Cinemalaya Philippine Independent Film Festival
- Location: Metro Manila, Philippines
- Founded: 2005
- Most recent: 2025 Cinemalaya
- Awards: 2025 Cinemalaya
- Hosted by: Cinemalaya Foundation Inc.
- No. of films: 10 feature films
- Language: English, Filipino, and other Philippine languages
- Website: www.cinemalaya.org

= Cinemalaya =

Film festival in the Philippines

The Cinemalaya Philippine Independent Film Festival, more commonly known as Cinemalaya, is a film festival in the Philippines held annually traditionally at the Cultural Center of the Philippines Complex as well as well as other select cinemas since 2011.

Established in 2005, Cinemalaya's aim is the development and promotion of Filipino independent films. The film festival is organized by the Cinemalaya Foundation, Inc. with the support of the Cultural Center of the Philippines and Econolink Investments, Inc.
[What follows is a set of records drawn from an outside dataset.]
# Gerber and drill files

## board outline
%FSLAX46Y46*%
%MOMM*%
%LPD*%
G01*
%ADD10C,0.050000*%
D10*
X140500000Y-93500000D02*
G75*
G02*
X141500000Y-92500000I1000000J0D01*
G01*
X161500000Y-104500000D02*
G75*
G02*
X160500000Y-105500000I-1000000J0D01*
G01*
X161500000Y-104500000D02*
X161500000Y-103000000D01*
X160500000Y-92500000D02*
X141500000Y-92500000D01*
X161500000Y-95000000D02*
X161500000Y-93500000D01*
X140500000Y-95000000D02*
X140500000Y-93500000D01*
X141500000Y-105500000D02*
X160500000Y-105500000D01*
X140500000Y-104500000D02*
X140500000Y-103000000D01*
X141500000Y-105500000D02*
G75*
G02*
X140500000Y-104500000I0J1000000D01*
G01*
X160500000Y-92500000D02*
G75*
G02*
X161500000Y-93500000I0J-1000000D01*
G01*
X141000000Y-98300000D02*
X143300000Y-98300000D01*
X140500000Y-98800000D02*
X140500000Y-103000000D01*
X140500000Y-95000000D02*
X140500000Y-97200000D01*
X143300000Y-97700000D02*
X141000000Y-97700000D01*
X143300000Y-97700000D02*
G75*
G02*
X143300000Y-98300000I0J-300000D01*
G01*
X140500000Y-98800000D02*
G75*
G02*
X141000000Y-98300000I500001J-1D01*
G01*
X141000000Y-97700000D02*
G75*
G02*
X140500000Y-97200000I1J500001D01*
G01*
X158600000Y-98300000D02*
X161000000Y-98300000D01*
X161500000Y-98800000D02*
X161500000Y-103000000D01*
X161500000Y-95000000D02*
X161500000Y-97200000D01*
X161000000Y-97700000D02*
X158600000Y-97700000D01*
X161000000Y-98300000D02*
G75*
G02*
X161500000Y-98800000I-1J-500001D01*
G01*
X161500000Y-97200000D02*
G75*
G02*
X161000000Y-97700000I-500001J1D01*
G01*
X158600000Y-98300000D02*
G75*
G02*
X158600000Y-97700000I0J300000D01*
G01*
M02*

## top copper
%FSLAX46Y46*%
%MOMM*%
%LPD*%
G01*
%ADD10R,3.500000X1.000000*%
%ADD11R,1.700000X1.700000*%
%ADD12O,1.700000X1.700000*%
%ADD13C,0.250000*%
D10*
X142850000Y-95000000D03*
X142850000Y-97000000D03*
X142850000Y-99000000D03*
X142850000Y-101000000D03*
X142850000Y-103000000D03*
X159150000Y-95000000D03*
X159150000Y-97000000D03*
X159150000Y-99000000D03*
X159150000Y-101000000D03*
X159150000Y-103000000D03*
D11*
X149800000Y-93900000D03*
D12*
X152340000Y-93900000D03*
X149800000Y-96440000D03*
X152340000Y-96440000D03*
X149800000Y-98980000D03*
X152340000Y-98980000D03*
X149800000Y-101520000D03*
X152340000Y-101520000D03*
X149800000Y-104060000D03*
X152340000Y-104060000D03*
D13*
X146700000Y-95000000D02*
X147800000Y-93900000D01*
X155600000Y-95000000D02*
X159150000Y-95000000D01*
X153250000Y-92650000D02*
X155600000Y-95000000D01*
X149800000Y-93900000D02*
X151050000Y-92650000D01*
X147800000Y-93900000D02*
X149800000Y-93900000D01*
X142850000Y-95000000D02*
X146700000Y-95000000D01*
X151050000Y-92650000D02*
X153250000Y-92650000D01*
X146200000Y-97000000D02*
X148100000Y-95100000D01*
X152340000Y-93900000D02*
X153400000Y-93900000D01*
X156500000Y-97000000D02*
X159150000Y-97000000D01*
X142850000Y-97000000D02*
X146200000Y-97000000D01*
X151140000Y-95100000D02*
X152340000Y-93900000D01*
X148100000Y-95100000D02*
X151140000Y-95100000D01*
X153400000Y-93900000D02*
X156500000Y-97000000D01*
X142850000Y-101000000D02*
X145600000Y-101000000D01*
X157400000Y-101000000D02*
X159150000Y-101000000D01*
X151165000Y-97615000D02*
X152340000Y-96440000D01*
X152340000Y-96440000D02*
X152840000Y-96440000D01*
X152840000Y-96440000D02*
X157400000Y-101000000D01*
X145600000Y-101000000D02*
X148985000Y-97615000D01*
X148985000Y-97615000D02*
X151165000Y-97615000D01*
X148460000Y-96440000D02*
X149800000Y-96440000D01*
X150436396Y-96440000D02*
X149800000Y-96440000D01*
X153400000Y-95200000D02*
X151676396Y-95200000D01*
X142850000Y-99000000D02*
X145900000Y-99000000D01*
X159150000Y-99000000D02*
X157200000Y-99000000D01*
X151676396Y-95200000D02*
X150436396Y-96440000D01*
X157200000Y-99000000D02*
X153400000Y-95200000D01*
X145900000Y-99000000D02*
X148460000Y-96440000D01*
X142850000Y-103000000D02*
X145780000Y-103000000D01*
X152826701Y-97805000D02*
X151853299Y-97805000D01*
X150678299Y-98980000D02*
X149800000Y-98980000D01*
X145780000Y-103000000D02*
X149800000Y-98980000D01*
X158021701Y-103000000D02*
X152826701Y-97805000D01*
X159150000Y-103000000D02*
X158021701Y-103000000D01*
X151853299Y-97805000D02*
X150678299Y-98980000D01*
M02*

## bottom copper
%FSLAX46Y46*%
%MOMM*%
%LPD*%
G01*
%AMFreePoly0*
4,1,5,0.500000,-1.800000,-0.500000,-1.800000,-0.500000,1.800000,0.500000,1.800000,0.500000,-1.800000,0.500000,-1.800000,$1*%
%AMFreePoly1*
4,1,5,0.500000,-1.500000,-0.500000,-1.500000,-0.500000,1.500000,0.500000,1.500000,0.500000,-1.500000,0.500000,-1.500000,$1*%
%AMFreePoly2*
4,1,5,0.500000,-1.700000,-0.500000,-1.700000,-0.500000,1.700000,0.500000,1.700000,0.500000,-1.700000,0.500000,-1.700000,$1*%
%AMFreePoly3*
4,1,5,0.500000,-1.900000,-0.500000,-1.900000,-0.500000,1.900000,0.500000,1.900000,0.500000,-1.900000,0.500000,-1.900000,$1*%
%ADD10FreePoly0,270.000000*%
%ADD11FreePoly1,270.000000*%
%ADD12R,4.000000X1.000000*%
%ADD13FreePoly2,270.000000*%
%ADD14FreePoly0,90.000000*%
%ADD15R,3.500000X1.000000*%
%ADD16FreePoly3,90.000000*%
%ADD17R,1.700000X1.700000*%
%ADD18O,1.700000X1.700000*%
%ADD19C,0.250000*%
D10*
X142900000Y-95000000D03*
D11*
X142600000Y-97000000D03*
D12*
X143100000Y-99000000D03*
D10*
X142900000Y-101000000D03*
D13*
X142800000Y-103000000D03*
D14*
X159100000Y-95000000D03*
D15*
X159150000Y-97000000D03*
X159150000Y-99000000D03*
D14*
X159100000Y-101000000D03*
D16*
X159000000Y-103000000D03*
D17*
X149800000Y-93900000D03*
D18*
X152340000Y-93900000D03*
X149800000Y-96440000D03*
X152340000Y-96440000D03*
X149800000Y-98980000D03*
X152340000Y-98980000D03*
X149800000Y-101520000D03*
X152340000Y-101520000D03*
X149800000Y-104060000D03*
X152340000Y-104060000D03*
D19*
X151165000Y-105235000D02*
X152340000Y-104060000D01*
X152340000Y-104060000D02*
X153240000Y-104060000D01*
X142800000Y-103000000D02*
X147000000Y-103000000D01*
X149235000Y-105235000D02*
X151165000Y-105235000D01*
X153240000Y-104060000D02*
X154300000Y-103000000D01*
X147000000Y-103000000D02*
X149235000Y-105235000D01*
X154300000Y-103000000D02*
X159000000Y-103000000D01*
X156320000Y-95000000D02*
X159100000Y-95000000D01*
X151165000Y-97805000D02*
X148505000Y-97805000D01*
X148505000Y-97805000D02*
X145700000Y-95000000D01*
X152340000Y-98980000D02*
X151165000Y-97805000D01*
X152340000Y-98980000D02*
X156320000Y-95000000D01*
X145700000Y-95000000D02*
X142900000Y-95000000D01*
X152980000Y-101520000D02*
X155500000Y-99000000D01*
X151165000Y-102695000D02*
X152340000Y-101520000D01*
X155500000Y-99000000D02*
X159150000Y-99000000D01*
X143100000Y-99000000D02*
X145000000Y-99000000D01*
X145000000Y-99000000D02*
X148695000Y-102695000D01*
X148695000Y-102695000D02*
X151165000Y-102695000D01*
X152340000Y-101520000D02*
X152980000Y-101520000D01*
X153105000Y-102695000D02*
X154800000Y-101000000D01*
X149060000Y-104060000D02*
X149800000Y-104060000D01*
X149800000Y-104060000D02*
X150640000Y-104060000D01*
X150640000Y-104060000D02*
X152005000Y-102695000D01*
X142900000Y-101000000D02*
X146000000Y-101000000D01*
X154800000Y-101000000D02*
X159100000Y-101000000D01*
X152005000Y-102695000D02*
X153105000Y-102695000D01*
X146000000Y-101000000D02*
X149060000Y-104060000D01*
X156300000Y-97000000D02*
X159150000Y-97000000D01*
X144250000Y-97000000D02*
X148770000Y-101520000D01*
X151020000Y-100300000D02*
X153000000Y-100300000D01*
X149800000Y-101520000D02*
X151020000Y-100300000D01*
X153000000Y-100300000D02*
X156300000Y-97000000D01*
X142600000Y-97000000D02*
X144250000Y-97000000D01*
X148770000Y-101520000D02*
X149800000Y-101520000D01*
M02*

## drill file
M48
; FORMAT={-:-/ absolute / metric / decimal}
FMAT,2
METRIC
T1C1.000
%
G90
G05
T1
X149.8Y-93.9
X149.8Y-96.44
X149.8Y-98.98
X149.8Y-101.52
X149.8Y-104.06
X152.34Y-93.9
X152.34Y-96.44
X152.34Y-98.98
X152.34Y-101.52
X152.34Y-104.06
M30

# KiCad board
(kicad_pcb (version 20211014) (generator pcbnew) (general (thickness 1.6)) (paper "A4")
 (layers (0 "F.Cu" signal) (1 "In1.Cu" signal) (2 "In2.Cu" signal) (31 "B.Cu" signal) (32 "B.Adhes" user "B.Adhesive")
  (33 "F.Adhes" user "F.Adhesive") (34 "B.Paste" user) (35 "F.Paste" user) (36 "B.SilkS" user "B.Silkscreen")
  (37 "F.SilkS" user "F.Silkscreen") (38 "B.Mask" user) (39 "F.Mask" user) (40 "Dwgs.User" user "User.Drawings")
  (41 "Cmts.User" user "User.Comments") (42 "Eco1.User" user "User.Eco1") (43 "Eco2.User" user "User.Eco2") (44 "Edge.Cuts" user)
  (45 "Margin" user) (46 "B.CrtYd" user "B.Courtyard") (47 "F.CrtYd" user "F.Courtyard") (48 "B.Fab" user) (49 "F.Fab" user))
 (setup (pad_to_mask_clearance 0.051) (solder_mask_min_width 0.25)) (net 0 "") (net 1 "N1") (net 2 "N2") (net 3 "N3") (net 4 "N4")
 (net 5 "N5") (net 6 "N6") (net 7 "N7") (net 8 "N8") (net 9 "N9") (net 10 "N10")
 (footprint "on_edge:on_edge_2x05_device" (layer "F.Cu") (at 140.5 99 -90)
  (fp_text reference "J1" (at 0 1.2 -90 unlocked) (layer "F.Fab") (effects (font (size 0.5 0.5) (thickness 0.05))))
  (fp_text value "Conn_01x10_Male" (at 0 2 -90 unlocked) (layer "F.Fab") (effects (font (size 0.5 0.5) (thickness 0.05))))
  (fp_line (start -0.7 -0.5) (end -0.7 -2.8) (layer "Edge.Cuts") (width 0.05))
  (fp_line (start -0.2 0) (end 4 0) (layer "Edge.Cuts") (width 0.05))
  (fp_line (start -4 0) (end -1.8 0) (layer "Edge.Cuts") (width 0.05))
  (fp_line (start -1.3 -2.8) (end -1.3 -0.5) (layer "Edge.Cuts") (width 0.05))
  (fp_arc (start -1.3 -2.8) (mid -1 -3.1) (end -0.7 -2.8) (layer "Edge.Cuts") (width 0.05))
  (fp_arc (start -0.2 0) (mid -0.553553 -0.146447) (end -0.7 -0.5) (layer "Edge.Cuts") (width 0.05))
  (fp_arc (start -1.3 -0.5) (mid -1.446447 -0.146447) (end -1.8 0) (layer "Edge.Cuts") (width 0.05))
  (pad "1" smd rect (at -4 -2.35 90) (size 1 3.5) (layers "F.Cu" "F.Mask") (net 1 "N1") (zone_connect 0))
  (pad "2" smd rect (at -2 -2.35 270) (size 1 3.5) (layers "F.Cu" "F.Mask") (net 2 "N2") (zone_connect 0))
  (pad "3" smd rect (at 0 -2.35 270) (size 1 3.5) (layers "F.Cu" "F.Mask") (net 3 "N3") (zone_connect 0))
  (pad "4" smd rect (at 2 -2.35 90) (size 1 3.5) (layers "F.Cu" "F.Mask") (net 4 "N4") (zone_connect 0))
  (pad "5" smd rect (at 4 -2.35 90) (size 1 3.5) (layers "F.Cu" "F.Mask") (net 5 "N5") (zone_connect 0))
  (pad "6" smd custom (at -4 -2.4 270) (size 1 3.6) (layers "B.Cu" "B.Mask") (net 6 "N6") (zone_connect 0)
   (options (clearance outline) (anchor rect)) (primitives))
  (pad "7" smd custom (at -2 -2.1 270) (size 1 3) (layers "B.Cu" "B.Mask") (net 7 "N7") (zone_connect 0)
   (options (clearance outline) (anchor rect)) (primitives))
  (pad "8" smd rect (at 0 -2.6 270) (size 1 4) (layers "B.Cu" "B.Mask") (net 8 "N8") (zone_connect 0))
  (pad "9" smd custom (at 2 -2.4 270) (size 1 3.6) (layers "B.Cu" "B.Mask") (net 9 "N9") (zone_connect 0)
   (options (clearance outline) (anchor rect)) (primitives))
  (pad "10" smd custom (at 4 -2.3 270) (size 1 3.4) (layers "B.Cu" "B.Mask") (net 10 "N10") (zone_connect 0)
   (options (clearance outline) (anchor rect)) (primitives)))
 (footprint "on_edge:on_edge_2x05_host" (layer "F.Cu") (at 161.5 99 -90)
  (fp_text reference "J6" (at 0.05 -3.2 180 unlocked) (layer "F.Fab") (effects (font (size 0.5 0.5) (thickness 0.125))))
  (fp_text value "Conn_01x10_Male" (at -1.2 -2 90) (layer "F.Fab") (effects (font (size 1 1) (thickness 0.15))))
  (fp_line (start -0.7 2.9) (end -0.7 0.5) (layer "Edge.Cuts") (width 0.05))
  (fp_line (start -0.2 0) (end 4 0) (layer "Edge.Cuts") (width 0.05))
  (fp_line (start -4 0) (end -1.8 0) (layer "Edge.Cuts") (width 0.05))
  (fp_line (start -1.3 0.5) (end -1.3 2.9) (layer "Edge.Cuts") (width 0.05))
  (fp_arc (start -0.7 0.5) (mid -0.553553 0.146447) (end -0.2 0) (layer "Edge.Cuts") (width 0.05))
  (fp_arc (start -1.8 0) (mid -1.446447 0.146447) (end -1.3 0.5) (layer "Edge.Cuts") (width 0.05))
  (fp_arc (start -0.7 2.9) (mid -1 3.2) (end -1.3 2.9) (layer "Edge.Cuts") (width 0.05))
  (pad "1" smd rect (at -4 2.35 270) (size 1 3.5) (layers "F.Cu" "F.Mask") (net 1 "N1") (zone_connect 0))
  (pad "2" smd rect (at -2 2.35 270) (size 1 3.5) (layers "F.Cu" "F.Mask") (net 2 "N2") (zone_connect 0))
  (pad "3" smd rect (at 0 2.35 270) (size 1 3.5) (layers "F.Cu" "F.Mask") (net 3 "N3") (zone_connect 0))
  (pad "4" smd rect (at 2 2.35 270) (size 1 3.5) (layers "F.Cu" "F.Mask") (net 4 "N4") (zone_connect 0))
  (pad "5" smd rect (at 4 2.35 270) (size 1 3.5) (layers "F.Cu" "F.Mask") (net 5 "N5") (zone_connect 0))
  (pad "6" smd custom (at -4 2.4 90) (size 1 3.6) (layers "B.Cu" "B.Mask") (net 6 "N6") (zone_connect 0)
   (options (clearance outline) (anchor rect)) (primitives))
  (pad "7" smd rect (at -2 2.35 90) (size 1 3.5) (layers "B.Cu" "B.Mask") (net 7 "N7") (zone_connect 0))
  (pad "8" smd rect (at 0 2.35 90) (size 1 3.5) (layers "B.Cu" "B.Mask") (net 8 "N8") (zone_connect 0))
  (pad "9" smd custom (at 2 2.4 90) (size 1 3.6) (layers "B.Cu" "B.Mask") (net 9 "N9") (zone_connect 0)
   (options (clearance outline) (anchor rect)) (primitives))
  (pad "10" smd custom (at 4 2.5 90) (size 1 3.8) (layers "B.Cu" "B.Mask") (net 10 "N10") (zone_connect 0)
   (options (clearance outline) (anchor rect)) (primitives)))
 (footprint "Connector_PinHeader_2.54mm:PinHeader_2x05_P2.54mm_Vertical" (layer "F.Cu") (at 149.8 93.9)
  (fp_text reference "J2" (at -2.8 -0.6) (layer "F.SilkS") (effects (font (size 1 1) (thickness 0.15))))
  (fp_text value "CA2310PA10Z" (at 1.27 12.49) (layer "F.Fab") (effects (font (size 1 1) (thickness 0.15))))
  (pad "1" thru_hole rect (at 0 0) (size 1.7 1.7) (drill 1) (layers *.Cu *.Mask) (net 1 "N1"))
  (pad "2" thru_hole oval (at 2.54 0) (size 1.7 1.7) (drill 1) (layers *.Cu *.Mask) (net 2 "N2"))
  (pad "3" thru_hole oval (at 0 2.54) (size 1.7 1.7) (drill 1) (layers *.Cu *.Mask) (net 3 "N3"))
The organizing committee, headed by veteran Filipino director and actress Laurice Guillen, oversees the production of the films and the festival.

== History ==
The Cinemalaya Philippine Independent Film Festival is a film competition and festival that supports Filipino filmmakers. Cinemalaya's first edition was held in 2005 with the main competition meant for filmmakers who have made less than three commercial feature films. It also began with a short film competition. The organization of Cinemalaya was first proposed as early as 2004. The Cultural Center of the Philippines (CCP) is among the original main proponents of Cinemalaya.

The Cinemalaya's traditional main venue has been the CCP Complex in Pasay.

In 2010, the festival was opened to veteran filmmakers under the Directors Showcase competition with the main competition branded as the New Breed category. The Directors Showcase lasted until the 2014 edition.

Entrant films began concurrently screening in select Ayala Malls cinemas starting the 2011 edition.

From its inception in 2005 until the 2013 edition, Cinemalaya was held annually in July. The schedule was moved to August in 2014 to avoid competition from "big Hollywood films".

Only short films was featured in the 2015 edition. The main competition was revived in the 2016 edition with the short film competition being the only other category.

Cinemalaya was held virtually for the first time in 2020 due to the COVID-19 pandemic. It was held online again in the next year. Both editions focused on short films.
The film festival returned to on-site screenings in the 2022 edition.

From the 2023 edition due to the due to renovation work of the CCP complex, the main venue of the Cinemalaya has been moved elsewhere within Metro Manila. It is projected that Cinemalaya will only be able to return to the CCP Complex in 2028 at earliest.

By 2025, Cinemalaya faced financial difficulties with the 2025 edition "streamlined" due to reduced funding from the CCP which is still renovating its complex. The schedule was also shifted to October from August. Fortunately, The 21st Cinemalaya Independent Film Festival took place in October 2025 in Metro Manila, showcasing Filipino independent films. The festival was shifted from August to October and streamlined due to funding changes, with events held at Shangri-La Plaza in Mandaluyong.

== Ceremonies ==

Festival: Year; Awards Show; Ref.
Venue: City
1st: 2005; Cultural Center of the Philippines Complex; Pasay
2nd: 2006
3rd: 2007
4th: 2008
5th: 2009
6th: 2010
7th: 2011
8th: 2012
9th: 2013
10th: 2014
11th: 2015
12th: 2016
13th: 2017
14th: 2018
15th: 2019
16th: 2020; Online
17th: 2021
18th: 2022; Cultural Center of the Philippines Complex; Pasay
19th: 2023; Philippine International Convention Center
20th: 2024; Shangri-La Plaza; Mandaluyong
21st: 2025
22nd: 2026

==Funding==
Each director receives a seed grant to produce their feature films. In the early years, each received a grant of . In the 2023 edition, filmmakers received a record high grant of each.

==Competitions==
- Main competition – known as the New Breed category from 2010 to 2014 is the primary competition for Cinemalaya for new Filipino filmmakers
- Director's Showcase – Held from 2010 to 2014, the competition was open to veteran filmmakers
- Short film competition – category for short film submissions. The 2015, 2020, and 2021 editions solely held the short film competitions.